The Six Month Flop

It’s Better to Weeble More, and Splat Less


As of 10 days ago, I have been retired from the military 1 year.


They say you know when it is time to leave, and it is a true statement. I don’t know how you know, but you do. There is no email notification, no social media post; your boss doesn’t tell you (be worried if they do); there is no surprise it’s-time-to-go party.


If I could describe it, it is an insidious feeling that starts to creep over you. You might look ahead, and see no path, or see a path that does not include the military. It may be a fleeting thought at first; just daydreaming after a frustrating day. Then the daydream is more frequent, every few months, monthly, weekly, on good days, as well as, bad days. Then you start thinking, Hmmm, I can leave in xx years, or Hey, I can leave anytime I want.
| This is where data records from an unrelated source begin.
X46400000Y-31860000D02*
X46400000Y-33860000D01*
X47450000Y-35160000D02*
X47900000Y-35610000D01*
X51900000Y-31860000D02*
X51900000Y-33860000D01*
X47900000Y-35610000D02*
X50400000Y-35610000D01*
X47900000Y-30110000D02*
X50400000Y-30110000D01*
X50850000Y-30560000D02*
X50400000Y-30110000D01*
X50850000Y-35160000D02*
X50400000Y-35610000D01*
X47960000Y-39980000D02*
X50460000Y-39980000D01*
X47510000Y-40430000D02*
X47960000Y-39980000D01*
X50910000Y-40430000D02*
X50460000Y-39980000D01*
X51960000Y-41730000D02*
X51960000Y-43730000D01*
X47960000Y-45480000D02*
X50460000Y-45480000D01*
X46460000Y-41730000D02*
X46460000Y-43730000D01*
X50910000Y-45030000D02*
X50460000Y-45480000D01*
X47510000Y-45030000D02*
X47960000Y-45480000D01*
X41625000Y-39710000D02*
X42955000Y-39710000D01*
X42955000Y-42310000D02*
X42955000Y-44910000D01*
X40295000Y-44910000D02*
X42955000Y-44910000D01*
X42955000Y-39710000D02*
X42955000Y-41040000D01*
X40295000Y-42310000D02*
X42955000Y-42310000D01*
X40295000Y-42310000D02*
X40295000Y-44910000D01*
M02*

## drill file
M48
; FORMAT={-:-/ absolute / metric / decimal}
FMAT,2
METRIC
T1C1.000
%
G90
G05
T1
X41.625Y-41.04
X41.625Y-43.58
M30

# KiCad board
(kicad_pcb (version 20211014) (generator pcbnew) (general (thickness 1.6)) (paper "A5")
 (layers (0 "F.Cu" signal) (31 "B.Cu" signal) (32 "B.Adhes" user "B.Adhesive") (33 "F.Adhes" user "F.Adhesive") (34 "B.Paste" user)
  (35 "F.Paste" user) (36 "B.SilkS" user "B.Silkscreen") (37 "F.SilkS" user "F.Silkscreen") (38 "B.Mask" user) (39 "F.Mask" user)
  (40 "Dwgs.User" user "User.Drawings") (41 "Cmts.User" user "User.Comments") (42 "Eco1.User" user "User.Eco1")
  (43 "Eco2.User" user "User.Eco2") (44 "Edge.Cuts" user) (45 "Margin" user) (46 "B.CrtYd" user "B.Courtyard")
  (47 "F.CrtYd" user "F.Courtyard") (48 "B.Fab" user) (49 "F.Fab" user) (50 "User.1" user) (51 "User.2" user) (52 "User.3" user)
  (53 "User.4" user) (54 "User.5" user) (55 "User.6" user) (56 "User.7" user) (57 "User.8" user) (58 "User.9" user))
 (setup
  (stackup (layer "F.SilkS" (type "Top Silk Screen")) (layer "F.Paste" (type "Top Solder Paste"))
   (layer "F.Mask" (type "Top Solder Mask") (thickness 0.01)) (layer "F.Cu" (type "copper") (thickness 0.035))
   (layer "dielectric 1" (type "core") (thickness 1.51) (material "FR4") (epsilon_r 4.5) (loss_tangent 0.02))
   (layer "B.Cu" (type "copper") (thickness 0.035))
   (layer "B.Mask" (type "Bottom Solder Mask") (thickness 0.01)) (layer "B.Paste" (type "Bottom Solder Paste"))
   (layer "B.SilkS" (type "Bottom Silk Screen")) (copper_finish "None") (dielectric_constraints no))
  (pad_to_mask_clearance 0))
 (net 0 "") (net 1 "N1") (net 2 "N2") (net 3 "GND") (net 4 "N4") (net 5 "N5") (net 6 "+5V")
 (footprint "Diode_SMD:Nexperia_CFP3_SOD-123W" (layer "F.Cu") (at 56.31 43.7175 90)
I might have known earlier than many of my counterparts that my service had an expiration date, as I started my countdown 5 years out from my retirement date. My work environment was excessively mentally draining at best, if not toxic at certain times. My sanity was a few like-minded co-workers, an exceptionally understanding husband, and a strong belief in the mission. I also knew if I made rank, I would most likely only have two choices for assignment…neither which interested me.
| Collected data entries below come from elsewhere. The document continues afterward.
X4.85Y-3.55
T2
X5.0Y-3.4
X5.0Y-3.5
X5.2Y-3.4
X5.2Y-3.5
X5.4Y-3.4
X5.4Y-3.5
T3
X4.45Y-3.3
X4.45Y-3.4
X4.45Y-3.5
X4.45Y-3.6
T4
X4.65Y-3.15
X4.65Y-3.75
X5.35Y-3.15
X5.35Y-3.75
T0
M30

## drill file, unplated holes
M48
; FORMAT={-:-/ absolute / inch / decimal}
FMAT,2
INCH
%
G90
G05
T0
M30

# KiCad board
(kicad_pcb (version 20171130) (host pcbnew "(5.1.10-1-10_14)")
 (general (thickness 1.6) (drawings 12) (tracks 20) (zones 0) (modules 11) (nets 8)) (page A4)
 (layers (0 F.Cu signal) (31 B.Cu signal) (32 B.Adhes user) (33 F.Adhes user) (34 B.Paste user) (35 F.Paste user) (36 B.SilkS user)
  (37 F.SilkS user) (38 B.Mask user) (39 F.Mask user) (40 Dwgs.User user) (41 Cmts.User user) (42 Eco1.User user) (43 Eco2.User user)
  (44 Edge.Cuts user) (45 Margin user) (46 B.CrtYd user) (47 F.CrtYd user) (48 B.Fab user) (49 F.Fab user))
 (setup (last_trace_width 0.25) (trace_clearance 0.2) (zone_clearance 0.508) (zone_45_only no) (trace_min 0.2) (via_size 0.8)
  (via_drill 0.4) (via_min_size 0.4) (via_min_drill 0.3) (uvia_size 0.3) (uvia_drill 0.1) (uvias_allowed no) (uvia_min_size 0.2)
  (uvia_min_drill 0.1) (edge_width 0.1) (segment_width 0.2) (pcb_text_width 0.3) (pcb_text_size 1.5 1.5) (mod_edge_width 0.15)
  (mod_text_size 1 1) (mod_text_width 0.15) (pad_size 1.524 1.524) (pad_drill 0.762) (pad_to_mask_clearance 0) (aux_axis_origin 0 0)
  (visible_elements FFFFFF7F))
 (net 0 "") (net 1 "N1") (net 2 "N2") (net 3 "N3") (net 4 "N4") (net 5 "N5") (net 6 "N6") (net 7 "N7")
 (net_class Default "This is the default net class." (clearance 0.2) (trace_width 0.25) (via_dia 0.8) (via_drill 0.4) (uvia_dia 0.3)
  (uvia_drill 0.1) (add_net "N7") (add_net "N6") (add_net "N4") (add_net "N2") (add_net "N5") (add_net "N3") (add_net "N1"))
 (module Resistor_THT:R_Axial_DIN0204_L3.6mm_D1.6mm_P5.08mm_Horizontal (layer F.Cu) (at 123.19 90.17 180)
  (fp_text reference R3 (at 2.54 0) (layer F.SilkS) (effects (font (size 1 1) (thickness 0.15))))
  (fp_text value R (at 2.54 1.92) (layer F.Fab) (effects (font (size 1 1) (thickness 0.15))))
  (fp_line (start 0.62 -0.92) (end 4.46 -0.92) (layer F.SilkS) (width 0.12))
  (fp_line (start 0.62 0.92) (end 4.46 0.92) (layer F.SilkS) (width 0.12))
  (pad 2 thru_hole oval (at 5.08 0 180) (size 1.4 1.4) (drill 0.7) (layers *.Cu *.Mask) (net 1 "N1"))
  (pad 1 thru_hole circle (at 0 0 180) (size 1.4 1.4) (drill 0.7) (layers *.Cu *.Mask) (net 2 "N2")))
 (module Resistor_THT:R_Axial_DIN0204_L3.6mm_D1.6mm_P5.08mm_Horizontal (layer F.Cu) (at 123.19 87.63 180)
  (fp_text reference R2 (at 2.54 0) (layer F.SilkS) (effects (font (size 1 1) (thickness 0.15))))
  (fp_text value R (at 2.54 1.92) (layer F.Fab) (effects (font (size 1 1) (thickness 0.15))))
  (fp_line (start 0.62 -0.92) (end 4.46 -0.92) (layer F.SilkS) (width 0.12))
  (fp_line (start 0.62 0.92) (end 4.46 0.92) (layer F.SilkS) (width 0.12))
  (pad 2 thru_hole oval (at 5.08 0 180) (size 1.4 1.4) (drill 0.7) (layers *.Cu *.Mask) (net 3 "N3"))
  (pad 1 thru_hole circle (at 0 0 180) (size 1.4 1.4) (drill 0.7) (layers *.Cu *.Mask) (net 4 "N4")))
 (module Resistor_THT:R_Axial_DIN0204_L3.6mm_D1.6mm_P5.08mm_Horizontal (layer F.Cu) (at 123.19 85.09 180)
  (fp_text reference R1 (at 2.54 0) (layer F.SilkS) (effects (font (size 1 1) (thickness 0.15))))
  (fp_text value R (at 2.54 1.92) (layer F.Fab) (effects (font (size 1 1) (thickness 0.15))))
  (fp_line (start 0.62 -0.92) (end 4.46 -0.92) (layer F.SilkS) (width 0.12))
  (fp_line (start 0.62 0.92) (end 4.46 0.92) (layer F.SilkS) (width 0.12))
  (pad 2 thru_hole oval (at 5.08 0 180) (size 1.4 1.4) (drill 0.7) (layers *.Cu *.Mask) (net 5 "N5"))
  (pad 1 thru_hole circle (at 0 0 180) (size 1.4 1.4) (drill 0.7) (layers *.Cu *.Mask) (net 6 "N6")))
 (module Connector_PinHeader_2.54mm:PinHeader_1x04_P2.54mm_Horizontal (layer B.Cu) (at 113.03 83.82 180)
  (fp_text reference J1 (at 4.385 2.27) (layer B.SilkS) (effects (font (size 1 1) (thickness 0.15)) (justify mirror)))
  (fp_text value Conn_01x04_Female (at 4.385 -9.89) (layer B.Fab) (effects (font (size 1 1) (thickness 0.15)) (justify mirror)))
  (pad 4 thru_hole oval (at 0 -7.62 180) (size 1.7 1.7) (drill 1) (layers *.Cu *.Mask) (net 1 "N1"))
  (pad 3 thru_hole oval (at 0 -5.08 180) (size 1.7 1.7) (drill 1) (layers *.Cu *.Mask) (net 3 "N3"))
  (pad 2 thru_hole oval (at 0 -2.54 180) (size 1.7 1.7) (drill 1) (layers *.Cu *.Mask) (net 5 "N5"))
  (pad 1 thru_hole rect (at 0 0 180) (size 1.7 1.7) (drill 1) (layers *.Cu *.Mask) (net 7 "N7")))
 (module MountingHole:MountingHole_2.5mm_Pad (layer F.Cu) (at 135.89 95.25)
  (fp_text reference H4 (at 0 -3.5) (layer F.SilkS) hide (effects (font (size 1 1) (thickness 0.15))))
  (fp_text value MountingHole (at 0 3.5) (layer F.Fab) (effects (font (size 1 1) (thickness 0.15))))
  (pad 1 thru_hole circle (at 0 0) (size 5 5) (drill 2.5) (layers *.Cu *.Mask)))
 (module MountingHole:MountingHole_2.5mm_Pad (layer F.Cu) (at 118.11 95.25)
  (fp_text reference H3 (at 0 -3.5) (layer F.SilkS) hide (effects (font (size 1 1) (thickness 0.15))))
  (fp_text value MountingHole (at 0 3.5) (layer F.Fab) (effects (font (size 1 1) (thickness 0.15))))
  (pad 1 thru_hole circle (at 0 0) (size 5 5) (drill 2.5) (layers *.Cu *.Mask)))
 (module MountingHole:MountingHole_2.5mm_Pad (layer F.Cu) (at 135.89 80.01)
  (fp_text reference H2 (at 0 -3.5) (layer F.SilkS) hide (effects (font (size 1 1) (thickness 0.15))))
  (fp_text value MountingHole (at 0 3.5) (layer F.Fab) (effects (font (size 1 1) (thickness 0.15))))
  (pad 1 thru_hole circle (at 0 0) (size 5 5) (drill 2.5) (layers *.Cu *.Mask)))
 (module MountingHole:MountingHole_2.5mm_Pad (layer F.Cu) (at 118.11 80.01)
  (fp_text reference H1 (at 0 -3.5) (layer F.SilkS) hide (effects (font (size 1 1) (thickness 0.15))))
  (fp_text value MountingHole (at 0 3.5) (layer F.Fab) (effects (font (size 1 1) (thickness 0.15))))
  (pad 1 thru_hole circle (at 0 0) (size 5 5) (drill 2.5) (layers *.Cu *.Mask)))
Others may not even reach retirement age before the question, What am I doing here?, pops in their head. Maybe they came in with expectations that never materialized, a culture that they do not understand, a direction they did not choose. Perhaps they came in for the benefits and are following through with their post military college game plan. Maybe they came in with an entire career mapped out and their journey led them on another path.


For other’s the choice is not theirs. They are medically boarded or involuntarily separated. It might feel like the rug was ripped out from under them. For our Guard and Reserve brethren, they could be losing both their military and civilian jobs (e.g. injury affects both careers). These folks are getting the rug ripped out from under them, all while standing at the edge of a cliff. It can feel like the ultimate loss of control.


No matter how it goes down, the day will eventually come. For me, it was right in the midst of COVID. No fanfare, no ceremony, no party. We were all teleworking at that point, and trying to keep up, so a goodbye was a stretch. No animosity, just accepted it for what it was and moved on.